-- WHAT THE TASK REQUIRES --
State only how many lines below include the word "back".
____________________
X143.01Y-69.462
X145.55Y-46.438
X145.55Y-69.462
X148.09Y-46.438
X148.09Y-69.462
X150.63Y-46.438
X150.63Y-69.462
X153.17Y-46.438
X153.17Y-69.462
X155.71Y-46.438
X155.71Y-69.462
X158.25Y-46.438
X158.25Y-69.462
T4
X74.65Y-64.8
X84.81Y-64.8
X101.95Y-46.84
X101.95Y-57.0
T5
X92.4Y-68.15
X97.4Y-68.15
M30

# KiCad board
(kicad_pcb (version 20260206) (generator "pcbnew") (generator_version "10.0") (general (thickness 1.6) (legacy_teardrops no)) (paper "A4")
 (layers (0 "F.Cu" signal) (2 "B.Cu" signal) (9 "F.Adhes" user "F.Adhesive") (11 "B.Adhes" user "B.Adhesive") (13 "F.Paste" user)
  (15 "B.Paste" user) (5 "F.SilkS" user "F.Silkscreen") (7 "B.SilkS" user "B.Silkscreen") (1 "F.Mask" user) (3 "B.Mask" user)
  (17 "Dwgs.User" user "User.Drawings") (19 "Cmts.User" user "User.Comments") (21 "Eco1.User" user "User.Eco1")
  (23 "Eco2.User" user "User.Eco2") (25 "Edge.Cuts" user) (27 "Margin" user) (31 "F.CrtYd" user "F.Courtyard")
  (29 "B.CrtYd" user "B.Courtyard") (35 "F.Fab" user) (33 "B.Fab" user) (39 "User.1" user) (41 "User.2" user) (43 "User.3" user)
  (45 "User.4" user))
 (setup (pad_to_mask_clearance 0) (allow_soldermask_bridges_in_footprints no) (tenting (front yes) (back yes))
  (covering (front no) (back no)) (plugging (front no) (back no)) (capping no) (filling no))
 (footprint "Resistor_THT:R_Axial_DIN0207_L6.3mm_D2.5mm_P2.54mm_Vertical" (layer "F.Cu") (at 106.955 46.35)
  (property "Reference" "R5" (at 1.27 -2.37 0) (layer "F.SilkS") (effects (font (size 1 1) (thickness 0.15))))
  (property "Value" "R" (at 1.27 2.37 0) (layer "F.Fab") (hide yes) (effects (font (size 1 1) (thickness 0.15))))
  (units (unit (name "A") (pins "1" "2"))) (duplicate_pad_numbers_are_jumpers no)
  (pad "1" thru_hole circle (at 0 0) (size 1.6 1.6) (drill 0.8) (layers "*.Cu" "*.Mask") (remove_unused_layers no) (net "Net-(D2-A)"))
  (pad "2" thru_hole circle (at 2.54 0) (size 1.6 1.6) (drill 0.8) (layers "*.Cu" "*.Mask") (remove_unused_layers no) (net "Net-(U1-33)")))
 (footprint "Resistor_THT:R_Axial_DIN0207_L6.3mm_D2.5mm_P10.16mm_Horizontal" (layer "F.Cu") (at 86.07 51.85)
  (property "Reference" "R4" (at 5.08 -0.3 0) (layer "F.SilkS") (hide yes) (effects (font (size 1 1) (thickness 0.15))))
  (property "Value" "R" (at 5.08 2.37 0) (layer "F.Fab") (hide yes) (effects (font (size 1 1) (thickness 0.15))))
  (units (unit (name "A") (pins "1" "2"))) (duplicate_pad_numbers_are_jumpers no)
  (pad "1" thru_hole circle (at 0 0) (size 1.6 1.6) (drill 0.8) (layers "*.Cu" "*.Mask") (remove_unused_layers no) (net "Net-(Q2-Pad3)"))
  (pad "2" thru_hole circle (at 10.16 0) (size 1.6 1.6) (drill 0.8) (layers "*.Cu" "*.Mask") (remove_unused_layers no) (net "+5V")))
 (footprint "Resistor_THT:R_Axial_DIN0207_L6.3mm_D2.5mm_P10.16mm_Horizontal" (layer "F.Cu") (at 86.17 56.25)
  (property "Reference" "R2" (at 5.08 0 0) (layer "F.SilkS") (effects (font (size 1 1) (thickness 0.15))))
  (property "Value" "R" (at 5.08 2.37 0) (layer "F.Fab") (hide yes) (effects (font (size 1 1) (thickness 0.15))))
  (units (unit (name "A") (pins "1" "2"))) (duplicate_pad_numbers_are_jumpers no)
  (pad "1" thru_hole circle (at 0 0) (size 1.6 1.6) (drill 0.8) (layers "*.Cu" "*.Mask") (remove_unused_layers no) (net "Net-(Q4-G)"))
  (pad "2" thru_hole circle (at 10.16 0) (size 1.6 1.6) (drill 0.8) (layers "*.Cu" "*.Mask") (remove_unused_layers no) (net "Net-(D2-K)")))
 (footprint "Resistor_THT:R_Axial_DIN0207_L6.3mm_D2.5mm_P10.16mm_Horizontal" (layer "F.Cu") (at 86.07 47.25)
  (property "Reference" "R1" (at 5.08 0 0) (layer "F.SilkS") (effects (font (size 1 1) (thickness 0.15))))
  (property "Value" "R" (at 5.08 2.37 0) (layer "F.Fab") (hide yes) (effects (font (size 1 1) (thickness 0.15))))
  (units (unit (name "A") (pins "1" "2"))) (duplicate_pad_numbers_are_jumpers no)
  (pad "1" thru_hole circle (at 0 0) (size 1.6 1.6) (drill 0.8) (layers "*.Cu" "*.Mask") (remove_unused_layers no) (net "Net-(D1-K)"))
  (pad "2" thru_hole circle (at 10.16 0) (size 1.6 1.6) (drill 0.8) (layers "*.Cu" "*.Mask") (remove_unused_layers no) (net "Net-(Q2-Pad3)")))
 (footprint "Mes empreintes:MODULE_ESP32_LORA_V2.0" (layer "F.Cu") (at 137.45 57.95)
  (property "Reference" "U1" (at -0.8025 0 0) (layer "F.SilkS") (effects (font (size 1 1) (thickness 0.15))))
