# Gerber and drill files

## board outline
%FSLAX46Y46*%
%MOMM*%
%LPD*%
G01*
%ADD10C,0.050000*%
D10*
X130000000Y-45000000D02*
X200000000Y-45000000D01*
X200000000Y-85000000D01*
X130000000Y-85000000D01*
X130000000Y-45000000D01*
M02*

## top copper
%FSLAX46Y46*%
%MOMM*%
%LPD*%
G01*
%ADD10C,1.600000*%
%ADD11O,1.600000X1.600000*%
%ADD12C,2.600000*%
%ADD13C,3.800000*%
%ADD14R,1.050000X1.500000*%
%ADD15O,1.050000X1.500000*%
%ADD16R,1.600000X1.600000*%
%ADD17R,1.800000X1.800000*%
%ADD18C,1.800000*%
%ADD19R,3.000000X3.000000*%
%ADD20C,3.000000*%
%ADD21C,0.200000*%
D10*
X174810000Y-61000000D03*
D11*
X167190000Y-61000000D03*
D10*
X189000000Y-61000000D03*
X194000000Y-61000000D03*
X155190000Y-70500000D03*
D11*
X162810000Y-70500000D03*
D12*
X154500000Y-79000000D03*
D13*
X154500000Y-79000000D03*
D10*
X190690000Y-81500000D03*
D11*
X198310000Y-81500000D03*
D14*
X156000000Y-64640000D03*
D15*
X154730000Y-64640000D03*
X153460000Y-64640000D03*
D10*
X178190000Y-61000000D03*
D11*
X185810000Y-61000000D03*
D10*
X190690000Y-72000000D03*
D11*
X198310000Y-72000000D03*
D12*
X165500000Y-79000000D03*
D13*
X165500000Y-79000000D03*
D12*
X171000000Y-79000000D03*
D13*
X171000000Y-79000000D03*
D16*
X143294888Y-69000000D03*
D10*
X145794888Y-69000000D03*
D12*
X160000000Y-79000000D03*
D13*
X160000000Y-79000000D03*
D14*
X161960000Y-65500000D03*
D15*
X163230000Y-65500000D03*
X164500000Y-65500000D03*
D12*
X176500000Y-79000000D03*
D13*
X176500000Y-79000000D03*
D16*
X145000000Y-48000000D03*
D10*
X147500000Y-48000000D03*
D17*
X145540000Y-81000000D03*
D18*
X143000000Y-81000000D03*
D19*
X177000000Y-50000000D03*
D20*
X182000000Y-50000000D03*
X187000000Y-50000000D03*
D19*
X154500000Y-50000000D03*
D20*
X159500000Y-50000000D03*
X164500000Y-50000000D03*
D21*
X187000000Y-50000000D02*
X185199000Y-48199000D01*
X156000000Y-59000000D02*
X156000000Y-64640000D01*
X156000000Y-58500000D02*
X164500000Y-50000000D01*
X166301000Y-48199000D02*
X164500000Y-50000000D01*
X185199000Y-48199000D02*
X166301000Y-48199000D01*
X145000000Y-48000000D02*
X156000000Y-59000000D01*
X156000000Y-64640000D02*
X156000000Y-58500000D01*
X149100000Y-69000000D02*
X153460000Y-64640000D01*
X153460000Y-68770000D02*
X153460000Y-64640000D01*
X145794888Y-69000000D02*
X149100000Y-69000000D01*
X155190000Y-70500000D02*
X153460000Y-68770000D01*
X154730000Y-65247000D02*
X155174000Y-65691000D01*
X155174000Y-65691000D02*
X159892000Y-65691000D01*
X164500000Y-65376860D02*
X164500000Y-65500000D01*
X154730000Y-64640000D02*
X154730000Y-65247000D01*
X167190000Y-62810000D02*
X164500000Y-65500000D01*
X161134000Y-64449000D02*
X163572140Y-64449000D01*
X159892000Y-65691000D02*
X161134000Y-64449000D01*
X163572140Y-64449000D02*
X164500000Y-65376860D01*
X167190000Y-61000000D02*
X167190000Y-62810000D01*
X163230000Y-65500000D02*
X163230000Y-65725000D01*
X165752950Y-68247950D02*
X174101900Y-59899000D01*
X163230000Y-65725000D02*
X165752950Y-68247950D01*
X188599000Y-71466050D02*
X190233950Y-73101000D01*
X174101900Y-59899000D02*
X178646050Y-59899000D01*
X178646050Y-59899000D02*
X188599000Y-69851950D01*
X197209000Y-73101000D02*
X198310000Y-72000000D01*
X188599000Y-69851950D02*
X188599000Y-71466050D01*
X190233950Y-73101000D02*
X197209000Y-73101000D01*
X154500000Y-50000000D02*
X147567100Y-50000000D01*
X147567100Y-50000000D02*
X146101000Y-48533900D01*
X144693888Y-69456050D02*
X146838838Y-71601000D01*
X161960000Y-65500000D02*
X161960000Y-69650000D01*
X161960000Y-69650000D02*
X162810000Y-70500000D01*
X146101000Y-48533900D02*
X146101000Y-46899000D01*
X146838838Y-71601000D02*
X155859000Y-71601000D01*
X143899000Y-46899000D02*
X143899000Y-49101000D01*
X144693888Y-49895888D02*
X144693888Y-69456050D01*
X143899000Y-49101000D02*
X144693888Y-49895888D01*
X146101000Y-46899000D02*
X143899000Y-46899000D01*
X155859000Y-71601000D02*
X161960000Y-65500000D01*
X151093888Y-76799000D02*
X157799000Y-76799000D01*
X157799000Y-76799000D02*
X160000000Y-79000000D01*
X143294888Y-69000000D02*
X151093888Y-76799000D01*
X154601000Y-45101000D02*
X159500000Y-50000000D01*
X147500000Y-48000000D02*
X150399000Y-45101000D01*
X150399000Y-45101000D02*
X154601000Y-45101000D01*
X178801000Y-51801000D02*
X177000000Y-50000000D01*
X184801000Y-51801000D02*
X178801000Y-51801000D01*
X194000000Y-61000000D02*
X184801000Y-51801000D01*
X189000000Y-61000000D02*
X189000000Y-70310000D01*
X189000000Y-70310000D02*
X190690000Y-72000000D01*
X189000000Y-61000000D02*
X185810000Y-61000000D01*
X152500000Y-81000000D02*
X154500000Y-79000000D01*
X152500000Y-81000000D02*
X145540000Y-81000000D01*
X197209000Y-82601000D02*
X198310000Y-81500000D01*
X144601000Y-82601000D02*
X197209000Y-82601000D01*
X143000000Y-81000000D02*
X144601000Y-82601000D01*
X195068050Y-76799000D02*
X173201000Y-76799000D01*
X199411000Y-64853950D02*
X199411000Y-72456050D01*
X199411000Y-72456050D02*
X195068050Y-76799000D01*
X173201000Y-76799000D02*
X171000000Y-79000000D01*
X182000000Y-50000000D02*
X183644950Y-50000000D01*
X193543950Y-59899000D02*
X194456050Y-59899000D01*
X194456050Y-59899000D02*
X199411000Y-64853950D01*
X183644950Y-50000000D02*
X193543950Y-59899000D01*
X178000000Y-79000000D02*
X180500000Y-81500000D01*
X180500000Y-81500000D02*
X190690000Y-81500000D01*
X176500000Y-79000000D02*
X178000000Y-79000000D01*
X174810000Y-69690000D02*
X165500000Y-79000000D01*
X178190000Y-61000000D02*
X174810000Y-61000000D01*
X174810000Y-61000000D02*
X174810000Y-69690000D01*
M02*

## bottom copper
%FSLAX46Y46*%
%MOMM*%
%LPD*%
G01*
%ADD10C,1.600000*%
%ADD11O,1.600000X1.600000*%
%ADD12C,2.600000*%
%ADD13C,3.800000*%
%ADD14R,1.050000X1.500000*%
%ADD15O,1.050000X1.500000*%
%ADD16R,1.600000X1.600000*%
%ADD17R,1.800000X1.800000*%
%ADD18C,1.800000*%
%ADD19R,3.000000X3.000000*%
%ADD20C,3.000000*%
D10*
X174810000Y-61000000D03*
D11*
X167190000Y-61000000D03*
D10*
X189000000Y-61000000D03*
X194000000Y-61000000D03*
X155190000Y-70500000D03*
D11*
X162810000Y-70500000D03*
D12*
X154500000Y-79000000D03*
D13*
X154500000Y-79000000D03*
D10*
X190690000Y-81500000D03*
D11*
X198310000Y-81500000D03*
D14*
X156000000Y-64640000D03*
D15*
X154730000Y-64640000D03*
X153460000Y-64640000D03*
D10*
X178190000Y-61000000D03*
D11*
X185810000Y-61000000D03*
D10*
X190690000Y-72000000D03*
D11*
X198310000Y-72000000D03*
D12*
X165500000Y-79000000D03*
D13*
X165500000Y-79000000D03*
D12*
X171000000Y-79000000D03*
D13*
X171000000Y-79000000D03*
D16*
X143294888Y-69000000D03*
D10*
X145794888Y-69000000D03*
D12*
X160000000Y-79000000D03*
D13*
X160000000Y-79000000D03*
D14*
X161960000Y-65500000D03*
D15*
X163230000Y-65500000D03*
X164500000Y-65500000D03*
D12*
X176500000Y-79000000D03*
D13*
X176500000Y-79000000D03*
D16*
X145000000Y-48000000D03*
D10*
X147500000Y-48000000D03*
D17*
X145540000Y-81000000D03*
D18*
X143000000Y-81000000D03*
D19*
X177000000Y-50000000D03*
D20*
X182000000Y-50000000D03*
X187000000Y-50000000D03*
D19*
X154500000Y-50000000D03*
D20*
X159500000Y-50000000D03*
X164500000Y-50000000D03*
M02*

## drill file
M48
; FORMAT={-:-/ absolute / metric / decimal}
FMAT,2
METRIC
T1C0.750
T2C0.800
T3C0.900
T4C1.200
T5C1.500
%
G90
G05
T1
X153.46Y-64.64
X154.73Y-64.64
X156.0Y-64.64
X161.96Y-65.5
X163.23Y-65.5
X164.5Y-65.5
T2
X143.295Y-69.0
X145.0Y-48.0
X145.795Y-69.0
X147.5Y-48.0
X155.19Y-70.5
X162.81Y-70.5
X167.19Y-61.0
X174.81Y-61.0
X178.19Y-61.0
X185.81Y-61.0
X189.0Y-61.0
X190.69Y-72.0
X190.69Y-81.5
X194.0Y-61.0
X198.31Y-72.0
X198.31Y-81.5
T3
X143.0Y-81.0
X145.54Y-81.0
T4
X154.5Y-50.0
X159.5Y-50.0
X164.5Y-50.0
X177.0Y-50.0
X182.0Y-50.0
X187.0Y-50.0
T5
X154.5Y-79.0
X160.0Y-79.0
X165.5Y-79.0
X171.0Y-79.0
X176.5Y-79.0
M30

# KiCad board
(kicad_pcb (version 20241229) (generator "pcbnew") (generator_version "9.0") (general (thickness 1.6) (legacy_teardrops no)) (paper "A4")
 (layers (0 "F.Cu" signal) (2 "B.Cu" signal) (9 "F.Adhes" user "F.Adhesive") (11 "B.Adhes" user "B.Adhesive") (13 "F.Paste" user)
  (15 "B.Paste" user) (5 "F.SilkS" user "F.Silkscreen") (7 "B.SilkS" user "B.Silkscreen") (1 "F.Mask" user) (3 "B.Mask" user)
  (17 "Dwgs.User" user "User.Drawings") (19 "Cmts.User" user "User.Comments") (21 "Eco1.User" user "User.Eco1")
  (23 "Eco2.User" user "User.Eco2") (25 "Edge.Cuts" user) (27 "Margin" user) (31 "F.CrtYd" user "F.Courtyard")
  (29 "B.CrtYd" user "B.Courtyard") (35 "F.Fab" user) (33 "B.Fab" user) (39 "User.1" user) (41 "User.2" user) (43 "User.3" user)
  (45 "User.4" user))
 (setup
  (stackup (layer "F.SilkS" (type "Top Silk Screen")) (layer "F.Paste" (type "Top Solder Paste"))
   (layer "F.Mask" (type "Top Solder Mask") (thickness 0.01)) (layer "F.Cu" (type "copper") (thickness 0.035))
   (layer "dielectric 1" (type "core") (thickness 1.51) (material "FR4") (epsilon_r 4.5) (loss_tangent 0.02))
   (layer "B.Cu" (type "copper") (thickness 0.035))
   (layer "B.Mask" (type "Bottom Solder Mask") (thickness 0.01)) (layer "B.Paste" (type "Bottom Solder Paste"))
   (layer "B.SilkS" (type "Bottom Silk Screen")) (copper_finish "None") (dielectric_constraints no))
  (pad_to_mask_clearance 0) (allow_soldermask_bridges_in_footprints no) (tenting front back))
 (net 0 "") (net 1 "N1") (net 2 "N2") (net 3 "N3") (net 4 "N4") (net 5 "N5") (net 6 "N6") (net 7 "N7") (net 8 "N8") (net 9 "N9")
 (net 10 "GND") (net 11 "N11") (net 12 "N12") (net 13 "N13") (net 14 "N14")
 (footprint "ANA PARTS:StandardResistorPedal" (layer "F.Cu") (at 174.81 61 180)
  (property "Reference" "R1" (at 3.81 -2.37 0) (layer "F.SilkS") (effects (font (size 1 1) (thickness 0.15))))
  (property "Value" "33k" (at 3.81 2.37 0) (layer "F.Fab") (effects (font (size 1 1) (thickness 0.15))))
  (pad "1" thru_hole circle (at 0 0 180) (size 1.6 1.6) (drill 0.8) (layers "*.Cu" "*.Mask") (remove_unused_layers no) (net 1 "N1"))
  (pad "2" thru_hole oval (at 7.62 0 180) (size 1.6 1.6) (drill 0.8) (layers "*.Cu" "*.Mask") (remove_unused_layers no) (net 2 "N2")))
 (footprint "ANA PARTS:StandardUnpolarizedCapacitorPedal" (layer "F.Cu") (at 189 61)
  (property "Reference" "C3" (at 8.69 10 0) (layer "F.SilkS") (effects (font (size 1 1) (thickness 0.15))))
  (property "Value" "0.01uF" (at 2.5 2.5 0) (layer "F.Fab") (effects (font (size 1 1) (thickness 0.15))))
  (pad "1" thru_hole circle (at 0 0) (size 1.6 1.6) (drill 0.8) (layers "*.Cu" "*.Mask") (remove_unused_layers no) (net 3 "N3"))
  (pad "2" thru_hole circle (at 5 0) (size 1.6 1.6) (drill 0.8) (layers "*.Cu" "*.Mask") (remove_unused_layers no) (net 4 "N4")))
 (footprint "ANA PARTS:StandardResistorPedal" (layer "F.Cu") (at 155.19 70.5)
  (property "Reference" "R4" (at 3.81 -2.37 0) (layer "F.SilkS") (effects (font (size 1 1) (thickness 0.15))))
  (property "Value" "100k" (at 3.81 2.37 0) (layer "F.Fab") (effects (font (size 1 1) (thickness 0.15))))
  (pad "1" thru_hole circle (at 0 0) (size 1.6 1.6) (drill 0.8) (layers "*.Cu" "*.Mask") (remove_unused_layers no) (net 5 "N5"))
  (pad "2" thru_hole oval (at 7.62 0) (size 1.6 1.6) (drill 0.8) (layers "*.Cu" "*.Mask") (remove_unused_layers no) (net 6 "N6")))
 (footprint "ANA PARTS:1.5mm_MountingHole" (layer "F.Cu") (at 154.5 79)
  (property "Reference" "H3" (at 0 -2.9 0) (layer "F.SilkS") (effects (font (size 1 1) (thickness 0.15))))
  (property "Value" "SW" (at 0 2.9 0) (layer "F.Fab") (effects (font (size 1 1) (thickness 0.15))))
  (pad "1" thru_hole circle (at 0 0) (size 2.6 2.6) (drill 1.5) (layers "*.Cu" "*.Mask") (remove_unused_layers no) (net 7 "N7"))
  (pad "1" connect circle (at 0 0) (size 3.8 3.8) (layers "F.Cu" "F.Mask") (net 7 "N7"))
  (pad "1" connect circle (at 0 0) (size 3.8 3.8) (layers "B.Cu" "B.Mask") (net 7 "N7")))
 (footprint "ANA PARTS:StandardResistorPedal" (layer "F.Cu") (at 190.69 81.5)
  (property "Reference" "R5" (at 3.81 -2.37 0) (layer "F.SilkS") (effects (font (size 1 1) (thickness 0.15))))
____________________
-- RESULT --
3